[Opening Information provided section]
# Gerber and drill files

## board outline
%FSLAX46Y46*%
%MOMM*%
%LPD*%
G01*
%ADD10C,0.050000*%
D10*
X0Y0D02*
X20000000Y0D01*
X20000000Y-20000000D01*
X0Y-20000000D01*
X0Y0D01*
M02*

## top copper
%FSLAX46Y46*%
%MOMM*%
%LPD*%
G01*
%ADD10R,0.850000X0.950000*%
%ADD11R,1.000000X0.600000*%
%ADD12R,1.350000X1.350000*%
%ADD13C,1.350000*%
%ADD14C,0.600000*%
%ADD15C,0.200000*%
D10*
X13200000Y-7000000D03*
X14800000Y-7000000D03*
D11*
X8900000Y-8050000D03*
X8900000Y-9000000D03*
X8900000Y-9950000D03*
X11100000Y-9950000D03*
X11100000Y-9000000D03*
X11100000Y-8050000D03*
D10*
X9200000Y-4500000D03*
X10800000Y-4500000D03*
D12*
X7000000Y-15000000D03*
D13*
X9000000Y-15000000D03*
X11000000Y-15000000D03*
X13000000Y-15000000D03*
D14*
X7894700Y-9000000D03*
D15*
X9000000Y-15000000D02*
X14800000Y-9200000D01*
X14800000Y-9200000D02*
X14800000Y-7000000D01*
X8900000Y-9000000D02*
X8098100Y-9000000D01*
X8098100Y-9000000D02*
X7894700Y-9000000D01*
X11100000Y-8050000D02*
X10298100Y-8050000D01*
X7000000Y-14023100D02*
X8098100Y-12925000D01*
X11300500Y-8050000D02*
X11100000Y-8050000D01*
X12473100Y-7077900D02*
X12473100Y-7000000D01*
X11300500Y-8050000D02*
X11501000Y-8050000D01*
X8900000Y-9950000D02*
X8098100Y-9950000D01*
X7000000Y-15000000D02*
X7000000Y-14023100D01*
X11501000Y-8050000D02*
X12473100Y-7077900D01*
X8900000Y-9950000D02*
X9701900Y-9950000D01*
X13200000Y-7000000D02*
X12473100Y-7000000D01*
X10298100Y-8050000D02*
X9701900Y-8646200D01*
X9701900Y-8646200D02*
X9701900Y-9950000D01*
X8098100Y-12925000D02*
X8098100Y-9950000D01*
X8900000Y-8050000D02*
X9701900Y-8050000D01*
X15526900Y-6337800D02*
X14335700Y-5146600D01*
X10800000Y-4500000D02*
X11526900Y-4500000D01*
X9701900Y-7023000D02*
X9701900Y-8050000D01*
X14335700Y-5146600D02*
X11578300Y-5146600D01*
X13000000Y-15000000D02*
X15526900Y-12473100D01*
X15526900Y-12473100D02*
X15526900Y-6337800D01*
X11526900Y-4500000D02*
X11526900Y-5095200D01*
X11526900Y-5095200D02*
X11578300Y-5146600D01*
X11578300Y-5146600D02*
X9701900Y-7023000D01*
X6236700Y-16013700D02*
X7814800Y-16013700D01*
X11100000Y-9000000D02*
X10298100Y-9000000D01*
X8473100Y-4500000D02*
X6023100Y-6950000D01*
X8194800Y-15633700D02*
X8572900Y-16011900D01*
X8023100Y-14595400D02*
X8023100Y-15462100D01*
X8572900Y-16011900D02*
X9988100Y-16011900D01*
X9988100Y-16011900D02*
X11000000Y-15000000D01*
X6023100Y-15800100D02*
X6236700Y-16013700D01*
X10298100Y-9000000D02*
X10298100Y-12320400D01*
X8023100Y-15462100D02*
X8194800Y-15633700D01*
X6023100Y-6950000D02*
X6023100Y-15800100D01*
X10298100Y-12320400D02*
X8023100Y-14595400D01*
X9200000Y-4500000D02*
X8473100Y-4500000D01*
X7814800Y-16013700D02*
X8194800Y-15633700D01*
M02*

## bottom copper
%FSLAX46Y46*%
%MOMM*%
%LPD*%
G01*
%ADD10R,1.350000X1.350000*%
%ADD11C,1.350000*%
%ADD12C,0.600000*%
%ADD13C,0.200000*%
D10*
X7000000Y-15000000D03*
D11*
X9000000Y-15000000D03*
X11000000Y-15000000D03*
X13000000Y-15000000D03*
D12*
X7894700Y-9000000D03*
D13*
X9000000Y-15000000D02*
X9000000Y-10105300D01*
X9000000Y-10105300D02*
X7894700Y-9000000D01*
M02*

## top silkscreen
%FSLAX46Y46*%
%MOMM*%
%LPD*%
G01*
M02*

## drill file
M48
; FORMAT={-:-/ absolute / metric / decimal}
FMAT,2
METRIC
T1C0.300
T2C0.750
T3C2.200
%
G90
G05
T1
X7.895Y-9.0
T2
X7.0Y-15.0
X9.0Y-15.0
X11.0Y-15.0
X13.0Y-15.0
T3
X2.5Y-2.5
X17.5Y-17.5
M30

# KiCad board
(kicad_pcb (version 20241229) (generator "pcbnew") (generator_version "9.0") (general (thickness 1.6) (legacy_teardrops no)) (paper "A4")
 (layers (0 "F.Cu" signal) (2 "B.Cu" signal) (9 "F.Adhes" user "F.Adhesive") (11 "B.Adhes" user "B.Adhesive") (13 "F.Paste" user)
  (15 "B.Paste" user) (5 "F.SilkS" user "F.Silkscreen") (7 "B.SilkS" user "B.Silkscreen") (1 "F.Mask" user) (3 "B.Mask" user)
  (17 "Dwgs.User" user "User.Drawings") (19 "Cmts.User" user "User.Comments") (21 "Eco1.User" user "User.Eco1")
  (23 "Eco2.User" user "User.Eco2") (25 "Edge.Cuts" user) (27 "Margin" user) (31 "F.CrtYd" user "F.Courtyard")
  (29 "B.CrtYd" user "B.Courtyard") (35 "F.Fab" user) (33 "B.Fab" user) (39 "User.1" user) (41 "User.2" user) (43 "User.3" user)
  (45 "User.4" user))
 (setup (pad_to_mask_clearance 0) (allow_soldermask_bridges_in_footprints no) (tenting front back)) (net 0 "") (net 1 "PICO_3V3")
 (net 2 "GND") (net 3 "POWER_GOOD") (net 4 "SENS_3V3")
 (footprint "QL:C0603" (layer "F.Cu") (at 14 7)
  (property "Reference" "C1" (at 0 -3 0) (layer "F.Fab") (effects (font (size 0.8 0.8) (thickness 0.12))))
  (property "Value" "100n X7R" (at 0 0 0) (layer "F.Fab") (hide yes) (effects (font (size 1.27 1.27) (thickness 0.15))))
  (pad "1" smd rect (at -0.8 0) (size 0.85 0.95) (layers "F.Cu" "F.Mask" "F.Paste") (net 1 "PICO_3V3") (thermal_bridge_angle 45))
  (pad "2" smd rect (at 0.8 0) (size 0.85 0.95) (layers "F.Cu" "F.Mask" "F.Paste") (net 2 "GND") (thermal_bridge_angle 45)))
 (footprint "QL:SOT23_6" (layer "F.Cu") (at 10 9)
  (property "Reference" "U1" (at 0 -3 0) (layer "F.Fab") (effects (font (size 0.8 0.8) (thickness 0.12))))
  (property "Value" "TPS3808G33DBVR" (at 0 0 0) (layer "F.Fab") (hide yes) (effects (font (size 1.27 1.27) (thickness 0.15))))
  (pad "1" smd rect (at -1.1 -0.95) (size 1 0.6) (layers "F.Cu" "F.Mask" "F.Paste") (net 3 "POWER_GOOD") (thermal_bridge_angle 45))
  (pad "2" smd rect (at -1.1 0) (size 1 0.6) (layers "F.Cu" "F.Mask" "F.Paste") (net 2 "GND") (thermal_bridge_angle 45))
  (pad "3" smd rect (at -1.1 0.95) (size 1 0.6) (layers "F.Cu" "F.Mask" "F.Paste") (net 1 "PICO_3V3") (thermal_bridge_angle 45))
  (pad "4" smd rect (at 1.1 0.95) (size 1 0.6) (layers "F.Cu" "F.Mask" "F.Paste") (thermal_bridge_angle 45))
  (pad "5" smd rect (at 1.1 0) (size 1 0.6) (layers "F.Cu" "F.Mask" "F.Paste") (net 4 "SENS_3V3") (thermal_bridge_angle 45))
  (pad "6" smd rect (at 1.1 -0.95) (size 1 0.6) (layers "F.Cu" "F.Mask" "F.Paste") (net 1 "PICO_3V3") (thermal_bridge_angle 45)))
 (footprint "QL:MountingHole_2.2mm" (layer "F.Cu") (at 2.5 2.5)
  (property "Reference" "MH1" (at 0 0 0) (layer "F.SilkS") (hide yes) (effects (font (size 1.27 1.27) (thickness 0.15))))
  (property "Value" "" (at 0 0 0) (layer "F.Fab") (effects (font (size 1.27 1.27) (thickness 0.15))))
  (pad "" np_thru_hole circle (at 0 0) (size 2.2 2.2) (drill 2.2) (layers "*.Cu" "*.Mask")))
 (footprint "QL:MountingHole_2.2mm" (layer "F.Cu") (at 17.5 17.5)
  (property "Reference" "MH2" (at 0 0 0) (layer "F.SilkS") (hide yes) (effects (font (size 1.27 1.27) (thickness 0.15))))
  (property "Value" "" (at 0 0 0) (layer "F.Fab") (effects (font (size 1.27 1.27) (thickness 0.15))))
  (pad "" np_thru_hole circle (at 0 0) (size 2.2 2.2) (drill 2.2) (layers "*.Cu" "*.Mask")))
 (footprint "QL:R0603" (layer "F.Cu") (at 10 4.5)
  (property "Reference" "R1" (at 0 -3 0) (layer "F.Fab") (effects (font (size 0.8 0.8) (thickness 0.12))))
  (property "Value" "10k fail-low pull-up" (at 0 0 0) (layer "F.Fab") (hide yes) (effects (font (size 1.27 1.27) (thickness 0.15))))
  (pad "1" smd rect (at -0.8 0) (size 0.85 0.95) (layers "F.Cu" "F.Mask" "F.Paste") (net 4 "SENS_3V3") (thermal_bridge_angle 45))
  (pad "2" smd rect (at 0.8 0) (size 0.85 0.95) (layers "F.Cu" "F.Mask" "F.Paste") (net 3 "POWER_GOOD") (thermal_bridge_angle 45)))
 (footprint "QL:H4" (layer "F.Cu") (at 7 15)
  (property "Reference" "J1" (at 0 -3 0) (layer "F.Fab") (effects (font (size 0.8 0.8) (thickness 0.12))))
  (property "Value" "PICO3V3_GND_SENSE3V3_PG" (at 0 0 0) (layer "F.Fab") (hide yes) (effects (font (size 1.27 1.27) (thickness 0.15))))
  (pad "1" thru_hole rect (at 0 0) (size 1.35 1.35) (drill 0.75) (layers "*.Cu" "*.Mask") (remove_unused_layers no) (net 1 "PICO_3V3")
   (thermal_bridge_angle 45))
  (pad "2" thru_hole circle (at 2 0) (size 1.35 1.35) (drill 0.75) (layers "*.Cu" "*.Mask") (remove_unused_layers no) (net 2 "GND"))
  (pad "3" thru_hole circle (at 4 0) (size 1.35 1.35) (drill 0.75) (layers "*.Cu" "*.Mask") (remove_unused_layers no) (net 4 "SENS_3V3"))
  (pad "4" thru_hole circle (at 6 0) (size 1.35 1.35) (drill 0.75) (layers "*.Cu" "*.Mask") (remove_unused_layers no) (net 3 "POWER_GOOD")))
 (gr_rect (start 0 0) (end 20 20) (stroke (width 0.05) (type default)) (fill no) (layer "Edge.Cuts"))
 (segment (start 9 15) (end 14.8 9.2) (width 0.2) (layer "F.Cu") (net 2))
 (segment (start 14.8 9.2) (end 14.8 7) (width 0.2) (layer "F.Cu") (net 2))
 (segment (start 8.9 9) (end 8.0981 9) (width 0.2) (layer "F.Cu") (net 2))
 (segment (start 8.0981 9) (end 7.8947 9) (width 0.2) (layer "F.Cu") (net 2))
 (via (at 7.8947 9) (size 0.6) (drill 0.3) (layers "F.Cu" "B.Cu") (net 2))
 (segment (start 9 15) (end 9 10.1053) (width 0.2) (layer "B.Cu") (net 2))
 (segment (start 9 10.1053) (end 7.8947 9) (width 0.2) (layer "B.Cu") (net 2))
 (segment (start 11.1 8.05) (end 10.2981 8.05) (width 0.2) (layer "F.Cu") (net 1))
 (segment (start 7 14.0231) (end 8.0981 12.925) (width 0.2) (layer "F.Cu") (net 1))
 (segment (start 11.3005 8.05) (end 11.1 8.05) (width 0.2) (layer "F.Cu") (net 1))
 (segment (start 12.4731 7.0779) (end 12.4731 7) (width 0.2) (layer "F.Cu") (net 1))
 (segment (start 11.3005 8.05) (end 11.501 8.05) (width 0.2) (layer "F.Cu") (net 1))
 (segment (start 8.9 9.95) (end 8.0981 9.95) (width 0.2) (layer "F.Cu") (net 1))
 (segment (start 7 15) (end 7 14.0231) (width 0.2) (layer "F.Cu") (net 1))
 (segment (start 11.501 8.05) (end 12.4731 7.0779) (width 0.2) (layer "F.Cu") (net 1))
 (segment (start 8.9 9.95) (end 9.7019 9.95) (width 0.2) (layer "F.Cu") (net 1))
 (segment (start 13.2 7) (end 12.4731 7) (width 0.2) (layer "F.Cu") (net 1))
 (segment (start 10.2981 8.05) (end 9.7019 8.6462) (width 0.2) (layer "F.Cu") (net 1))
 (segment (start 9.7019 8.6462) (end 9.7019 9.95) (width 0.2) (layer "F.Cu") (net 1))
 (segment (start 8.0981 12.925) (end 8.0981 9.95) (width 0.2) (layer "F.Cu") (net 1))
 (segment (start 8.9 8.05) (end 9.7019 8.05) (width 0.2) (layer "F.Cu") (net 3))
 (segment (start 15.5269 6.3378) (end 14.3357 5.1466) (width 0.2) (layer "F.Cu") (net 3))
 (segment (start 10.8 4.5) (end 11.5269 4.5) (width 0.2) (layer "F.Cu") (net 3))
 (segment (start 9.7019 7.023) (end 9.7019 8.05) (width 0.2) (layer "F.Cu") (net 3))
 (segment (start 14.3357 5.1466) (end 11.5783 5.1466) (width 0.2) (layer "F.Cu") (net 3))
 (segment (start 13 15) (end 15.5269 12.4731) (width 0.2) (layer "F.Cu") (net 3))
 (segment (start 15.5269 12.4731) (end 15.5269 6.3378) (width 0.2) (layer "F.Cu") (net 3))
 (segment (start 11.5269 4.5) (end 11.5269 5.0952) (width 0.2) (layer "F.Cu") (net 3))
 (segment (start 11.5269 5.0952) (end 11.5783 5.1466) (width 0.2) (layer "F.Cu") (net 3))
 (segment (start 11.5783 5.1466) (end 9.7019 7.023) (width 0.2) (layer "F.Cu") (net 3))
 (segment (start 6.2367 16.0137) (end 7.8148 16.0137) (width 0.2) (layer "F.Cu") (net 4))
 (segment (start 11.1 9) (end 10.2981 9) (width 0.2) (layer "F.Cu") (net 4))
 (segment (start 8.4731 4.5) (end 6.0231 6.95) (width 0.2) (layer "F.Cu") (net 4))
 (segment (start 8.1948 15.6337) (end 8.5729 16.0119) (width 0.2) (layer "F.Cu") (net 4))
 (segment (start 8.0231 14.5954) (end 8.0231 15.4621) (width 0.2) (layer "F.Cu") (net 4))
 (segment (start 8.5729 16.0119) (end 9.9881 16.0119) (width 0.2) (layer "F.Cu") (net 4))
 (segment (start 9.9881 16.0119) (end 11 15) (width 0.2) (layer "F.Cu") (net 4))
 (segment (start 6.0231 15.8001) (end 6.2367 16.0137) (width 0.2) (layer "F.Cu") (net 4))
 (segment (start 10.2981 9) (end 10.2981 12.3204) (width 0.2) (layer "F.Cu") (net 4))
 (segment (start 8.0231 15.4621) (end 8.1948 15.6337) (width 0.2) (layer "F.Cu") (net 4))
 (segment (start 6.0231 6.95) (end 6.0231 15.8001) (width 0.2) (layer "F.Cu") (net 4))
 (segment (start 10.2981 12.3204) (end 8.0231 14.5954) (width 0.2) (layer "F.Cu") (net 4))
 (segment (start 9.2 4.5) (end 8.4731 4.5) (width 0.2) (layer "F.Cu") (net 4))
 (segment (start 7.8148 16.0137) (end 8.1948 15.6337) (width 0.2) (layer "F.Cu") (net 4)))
[Closing Information provided section]
What needs to be done → When you reach the line containing "X11526900Y-5095200D01*" in the data above, start copying exactly, and stop after the line containing "X9988100Y-16011900D02*".

Result →
X11526900Y-5095200D01*
X11526900Y-5095200D02*
X11578300Y-5146600D01*
X11578300Y-5146600D02*
X9701900Y-7023000D01*
X6236700Y-16013700D02*
X7814800Y-16013700D01*
X11100000Y-9000000D02*
X10298100Y-9000000D01*
X8473100Y-4500000D02*
X6023100Y-6950000D01*
X8194800Y-15633700D02*
X8572900Y-16011900D01*
X8023100Y-14595400D02*
X8023100Y-15462100D01*
X8572900Y-16011900D02*
X9988100Y-16011900D01*
X9988100Y-16011900D02*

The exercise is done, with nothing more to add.